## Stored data

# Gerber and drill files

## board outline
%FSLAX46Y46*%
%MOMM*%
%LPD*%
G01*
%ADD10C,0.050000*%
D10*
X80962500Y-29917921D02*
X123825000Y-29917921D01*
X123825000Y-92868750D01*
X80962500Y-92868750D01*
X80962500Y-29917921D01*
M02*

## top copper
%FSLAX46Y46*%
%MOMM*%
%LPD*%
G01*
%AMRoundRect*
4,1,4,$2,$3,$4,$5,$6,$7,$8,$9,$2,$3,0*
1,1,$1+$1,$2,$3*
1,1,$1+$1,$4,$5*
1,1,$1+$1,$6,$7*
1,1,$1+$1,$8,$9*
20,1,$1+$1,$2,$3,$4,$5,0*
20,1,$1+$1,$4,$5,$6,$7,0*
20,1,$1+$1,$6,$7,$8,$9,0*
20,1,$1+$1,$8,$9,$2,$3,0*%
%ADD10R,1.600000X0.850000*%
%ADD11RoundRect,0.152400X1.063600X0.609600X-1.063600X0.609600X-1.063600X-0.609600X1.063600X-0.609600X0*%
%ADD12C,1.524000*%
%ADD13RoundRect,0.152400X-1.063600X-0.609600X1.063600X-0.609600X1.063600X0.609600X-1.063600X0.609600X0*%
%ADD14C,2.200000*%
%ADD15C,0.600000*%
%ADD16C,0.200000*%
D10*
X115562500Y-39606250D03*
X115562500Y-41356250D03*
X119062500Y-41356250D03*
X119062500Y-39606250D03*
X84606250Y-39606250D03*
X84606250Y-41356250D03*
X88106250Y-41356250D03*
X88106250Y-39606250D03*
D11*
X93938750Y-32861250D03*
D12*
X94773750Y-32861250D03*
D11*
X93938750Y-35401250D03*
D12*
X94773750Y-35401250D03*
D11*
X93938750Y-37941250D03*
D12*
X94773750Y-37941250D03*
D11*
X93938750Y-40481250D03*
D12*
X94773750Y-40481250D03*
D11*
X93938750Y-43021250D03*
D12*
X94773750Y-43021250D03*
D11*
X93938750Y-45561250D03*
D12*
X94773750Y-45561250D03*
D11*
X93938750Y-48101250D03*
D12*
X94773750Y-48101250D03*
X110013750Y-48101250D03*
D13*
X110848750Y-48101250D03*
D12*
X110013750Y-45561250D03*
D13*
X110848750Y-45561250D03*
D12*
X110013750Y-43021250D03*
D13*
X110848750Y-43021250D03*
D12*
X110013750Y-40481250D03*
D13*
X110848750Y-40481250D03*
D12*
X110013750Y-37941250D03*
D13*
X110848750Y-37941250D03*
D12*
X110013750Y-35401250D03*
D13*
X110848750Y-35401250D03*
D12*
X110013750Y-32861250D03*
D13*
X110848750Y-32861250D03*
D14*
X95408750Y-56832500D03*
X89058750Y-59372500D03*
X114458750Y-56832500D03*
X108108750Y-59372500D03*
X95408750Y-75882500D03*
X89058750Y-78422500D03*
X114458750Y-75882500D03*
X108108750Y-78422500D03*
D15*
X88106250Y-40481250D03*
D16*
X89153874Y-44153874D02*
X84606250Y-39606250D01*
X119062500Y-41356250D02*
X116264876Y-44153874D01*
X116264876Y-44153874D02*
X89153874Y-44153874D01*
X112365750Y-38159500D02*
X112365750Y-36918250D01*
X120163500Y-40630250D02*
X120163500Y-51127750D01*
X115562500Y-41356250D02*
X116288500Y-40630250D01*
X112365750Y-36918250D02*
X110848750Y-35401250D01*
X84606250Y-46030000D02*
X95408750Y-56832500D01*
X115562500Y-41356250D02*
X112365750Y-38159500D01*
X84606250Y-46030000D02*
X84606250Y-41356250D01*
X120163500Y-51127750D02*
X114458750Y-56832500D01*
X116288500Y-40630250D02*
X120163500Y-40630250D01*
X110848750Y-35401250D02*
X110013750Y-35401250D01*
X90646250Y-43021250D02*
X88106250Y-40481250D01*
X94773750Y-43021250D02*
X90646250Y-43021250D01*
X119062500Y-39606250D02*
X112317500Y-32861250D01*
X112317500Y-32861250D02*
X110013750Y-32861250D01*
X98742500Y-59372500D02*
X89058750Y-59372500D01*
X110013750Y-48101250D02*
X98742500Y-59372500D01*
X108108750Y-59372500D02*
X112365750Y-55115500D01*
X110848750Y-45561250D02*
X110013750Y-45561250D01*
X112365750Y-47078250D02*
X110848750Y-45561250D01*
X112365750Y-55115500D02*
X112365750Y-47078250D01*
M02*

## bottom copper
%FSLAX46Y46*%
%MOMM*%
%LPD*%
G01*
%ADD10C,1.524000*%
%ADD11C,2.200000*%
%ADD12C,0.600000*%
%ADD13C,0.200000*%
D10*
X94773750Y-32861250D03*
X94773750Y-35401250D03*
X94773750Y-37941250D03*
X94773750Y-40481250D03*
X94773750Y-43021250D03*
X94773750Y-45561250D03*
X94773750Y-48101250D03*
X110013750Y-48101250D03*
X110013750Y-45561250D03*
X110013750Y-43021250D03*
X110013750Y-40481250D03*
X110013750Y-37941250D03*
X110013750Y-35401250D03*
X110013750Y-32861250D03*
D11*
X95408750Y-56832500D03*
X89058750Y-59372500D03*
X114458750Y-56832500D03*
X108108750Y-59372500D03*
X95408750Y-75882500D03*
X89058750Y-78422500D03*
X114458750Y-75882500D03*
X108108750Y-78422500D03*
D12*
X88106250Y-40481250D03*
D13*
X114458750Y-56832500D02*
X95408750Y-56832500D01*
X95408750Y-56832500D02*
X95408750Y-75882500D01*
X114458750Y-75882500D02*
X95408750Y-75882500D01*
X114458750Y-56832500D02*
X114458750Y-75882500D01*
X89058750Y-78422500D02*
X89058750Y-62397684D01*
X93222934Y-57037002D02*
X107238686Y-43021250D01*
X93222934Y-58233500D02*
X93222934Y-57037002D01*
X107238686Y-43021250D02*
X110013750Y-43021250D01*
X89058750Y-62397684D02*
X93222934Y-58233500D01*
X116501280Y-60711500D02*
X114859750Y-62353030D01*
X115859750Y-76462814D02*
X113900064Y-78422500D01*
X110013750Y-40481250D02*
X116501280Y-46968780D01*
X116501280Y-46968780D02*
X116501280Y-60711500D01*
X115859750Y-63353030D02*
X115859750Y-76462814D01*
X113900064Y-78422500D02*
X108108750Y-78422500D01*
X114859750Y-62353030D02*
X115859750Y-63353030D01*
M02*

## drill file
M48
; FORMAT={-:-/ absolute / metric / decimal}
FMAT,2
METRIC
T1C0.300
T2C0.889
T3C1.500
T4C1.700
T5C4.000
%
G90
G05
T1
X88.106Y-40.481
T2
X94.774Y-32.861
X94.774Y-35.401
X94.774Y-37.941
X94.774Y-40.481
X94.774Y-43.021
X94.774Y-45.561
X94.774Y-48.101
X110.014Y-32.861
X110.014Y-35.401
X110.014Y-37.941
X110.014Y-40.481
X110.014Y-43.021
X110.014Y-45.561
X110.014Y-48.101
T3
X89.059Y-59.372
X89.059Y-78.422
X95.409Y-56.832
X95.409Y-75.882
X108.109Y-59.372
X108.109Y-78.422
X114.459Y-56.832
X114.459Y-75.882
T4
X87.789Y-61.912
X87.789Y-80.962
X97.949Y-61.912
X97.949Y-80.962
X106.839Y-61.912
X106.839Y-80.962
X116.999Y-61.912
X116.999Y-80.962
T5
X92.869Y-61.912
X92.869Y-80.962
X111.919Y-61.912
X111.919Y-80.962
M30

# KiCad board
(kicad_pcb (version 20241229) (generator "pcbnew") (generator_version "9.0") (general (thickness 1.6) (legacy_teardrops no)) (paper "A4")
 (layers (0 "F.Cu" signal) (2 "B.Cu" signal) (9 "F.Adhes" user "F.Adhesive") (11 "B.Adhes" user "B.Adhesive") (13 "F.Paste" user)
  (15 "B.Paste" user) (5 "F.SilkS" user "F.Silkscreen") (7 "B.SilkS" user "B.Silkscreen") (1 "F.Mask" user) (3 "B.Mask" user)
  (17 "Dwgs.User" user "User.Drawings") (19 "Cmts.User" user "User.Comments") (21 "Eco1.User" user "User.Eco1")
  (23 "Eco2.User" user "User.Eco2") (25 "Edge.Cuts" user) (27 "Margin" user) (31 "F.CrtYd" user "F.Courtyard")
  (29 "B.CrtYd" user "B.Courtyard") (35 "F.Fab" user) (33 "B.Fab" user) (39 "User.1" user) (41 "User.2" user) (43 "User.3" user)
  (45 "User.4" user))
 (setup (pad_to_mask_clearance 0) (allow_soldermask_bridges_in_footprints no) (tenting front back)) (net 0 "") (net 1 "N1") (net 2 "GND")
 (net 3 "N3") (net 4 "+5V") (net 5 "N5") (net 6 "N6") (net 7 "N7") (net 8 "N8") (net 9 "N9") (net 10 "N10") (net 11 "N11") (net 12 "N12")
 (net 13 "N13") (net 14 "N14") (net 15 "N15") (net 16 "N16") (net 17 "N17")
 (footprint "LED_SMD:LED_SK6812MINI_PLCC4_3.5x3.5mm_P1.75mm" (layer "F.Cu") (at 117.3125 40.48125)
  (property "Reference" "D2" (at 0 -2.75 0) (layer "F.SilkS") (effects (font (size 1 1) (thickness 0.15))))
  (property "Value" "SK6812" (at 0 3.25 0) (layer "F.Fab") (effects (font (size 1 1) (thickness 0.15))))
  (pad "1" smd rect (at -1.75 -0.875) (size 1.6 0.85) (layers "F.Cu" "F.Mask" "F.Paste") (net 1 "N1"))
  (pad "2" smd rect (at -1.75 0.875) (size 1.6 0.85) (layers "F.Cu" "F.Mask" "F.Paste") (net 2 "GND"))
  (pad "3" smd rect (at 1.75 0.875) (size 1.6 0.85) (layers "F.Cu" "F.Mask" "F.Paste") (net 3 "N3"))
  (pad "4" smd rect (at 1.75 -0.875) (size 1.6 0.85) (layers "F.Cu" "F.Mask" "F.Paste") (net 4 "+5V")))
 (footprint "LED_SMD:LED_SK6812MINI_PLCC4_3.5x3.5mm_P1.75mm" (layer "F.Cu") (at 86.35625 40.48125)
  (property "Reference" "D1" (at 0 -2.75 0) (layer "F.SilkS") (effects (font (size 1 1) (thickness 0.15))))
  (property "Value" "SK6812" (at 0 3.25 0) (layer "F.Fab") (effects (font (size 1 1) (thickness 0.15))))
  (pad "1" smd rect (at -1.75 -0.875) (size 1.6 0.85) (layers "F.Cu" "F.Mask" "F.Paste") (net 3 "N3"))
  (pad "2" smd rect (at -1.75 0.875) (size 1.6 0.85) (layers "F.Cu" "F.Mask" "F.Paste") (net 2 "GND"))
  (pad "3" smd rect (at 1.75 0.875) (size 1.6 0.85) (layers "F.Cu" "F.Mask" "F.Paste") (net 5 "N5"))
  (pad "4" smd rect (at 1.75 -0.875) (size 1.6 0.85) (layers "F.Cu" "F.Mask" "F.Paste") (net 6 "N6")))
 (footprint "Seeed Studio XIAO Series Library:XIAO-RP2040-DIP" (layer "F.Cu") (at 102.39375 40.48125)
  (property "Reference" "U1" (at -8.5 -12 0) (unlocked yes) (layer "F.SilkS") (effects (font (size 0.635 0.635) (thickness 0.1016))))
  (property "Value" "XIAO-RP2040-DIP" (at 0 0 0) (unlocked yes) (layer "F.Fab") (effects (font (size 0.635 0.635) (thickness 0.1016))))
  (pad "1" smd roundrect (at -8.455 -7.62 180) (size 2.432 1.524) (layers "F.Cu" "F.Mask") (roundrect_rratio 0.1) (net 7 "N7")
   (thermal_bridge_angle 45))
  (pad "1" thru_hole circle (at -7.62 -7.62 180) (size 1.524 1.524) (drill 0.889) (layers "*.Cu" "*.Mask") (remove_unused_layers no)
   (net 7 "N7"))
  (pad "2" smd roundrect (at -8.455 -5.08 180) (size 2.432 1.524) (layers "F.Cu" "F.Mask") (roundrect_rratio 0.1) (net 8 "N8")
   (thermal_bridge_angle 45))
  (pad "2" thru_hole circle (at -7.62 -5.08 180) (size 1.524 1.524) (drill 0.889) (layers "*.Cu" "*.Mask") (remove_unused_layers no)
   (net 8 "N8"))
  (pad "3" smd roundrect (at -8.455 -2.54 180) (size 2.432 1.524) (layers "F.Cu" "F.Mask") (roundrect_rratio 0.1) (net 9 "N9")
   (thermal_bridge_angle 45))
  (pad "3" thru_hole circle (at -7.62 -2.54 180) (size 1.524 1.524) (drill 0.889) (layers "*.Cu" "*.Mask") (remove_unused_layers no)
   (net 9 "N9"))
  (pad "4" smd roundrect (at -8.455 0 180) (size 2.432 1.524) (layers "F.Cu" "F.Mask") (roundrect_rratio 0.1) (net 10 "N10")
   (thermal_bridge_angle 45))
  (pad "4" thru_hole circle (at -7.62 0 180) (size 1.524 1.524) (drill 0.889) (layers "*.Cu" "*.Mask") (remove_unused_layers no)
   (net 10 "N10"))
  (pad "5" smd roundrect (at -8.455 2.54 180) (size 2.432 1.524) (layers "F.Cu" "F.Mask") (roundrect_rratio 0.1) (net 5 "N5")
   (thermal_bridge_angle 45))
  (pad "5" thru_hole circle (at -7.62 2.54 180) (size 1.524 1.524) (drill 0.889) (layers "*.Cu" "*.Mask") (remove_unused_layers no)
   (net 5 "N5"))
  (pad "6" smd roundrect (at -8.455 5.08 180) (size 2.432 1.524) (layers "F.Cu" "F.Mask") (roundrect_rratio 0.1) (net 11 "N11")
   (thermal_bridge_angle 45))
  (pad "6" thru_hole circle (at -7.62 5.08 180) (size 1.524 1.524) (drill 0.889) (layers "*.Cu" "*.Mask") (remove_unused_layers no)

## Task details
Among the lines above, which ones include the word "Reference"? Copy them.

## Result for this exercise
  (property "Reference" "D2" (at 0 -2.75 0) (layer "F.SilkS") (effects (font (size 1 1) (thickness 0.15))))
  (property "Reference" "D1" (at 0 -2.75 0) (layer "F.SilkS") (effects (font (size 1 1) (thickness 0.15))))
  (property "Reference" "U1" (at -8.5 -12 0) (unlocked yes) (layer "F.SilkS") (effects (font (size 0.635 0.635) (thickness 0.1016))))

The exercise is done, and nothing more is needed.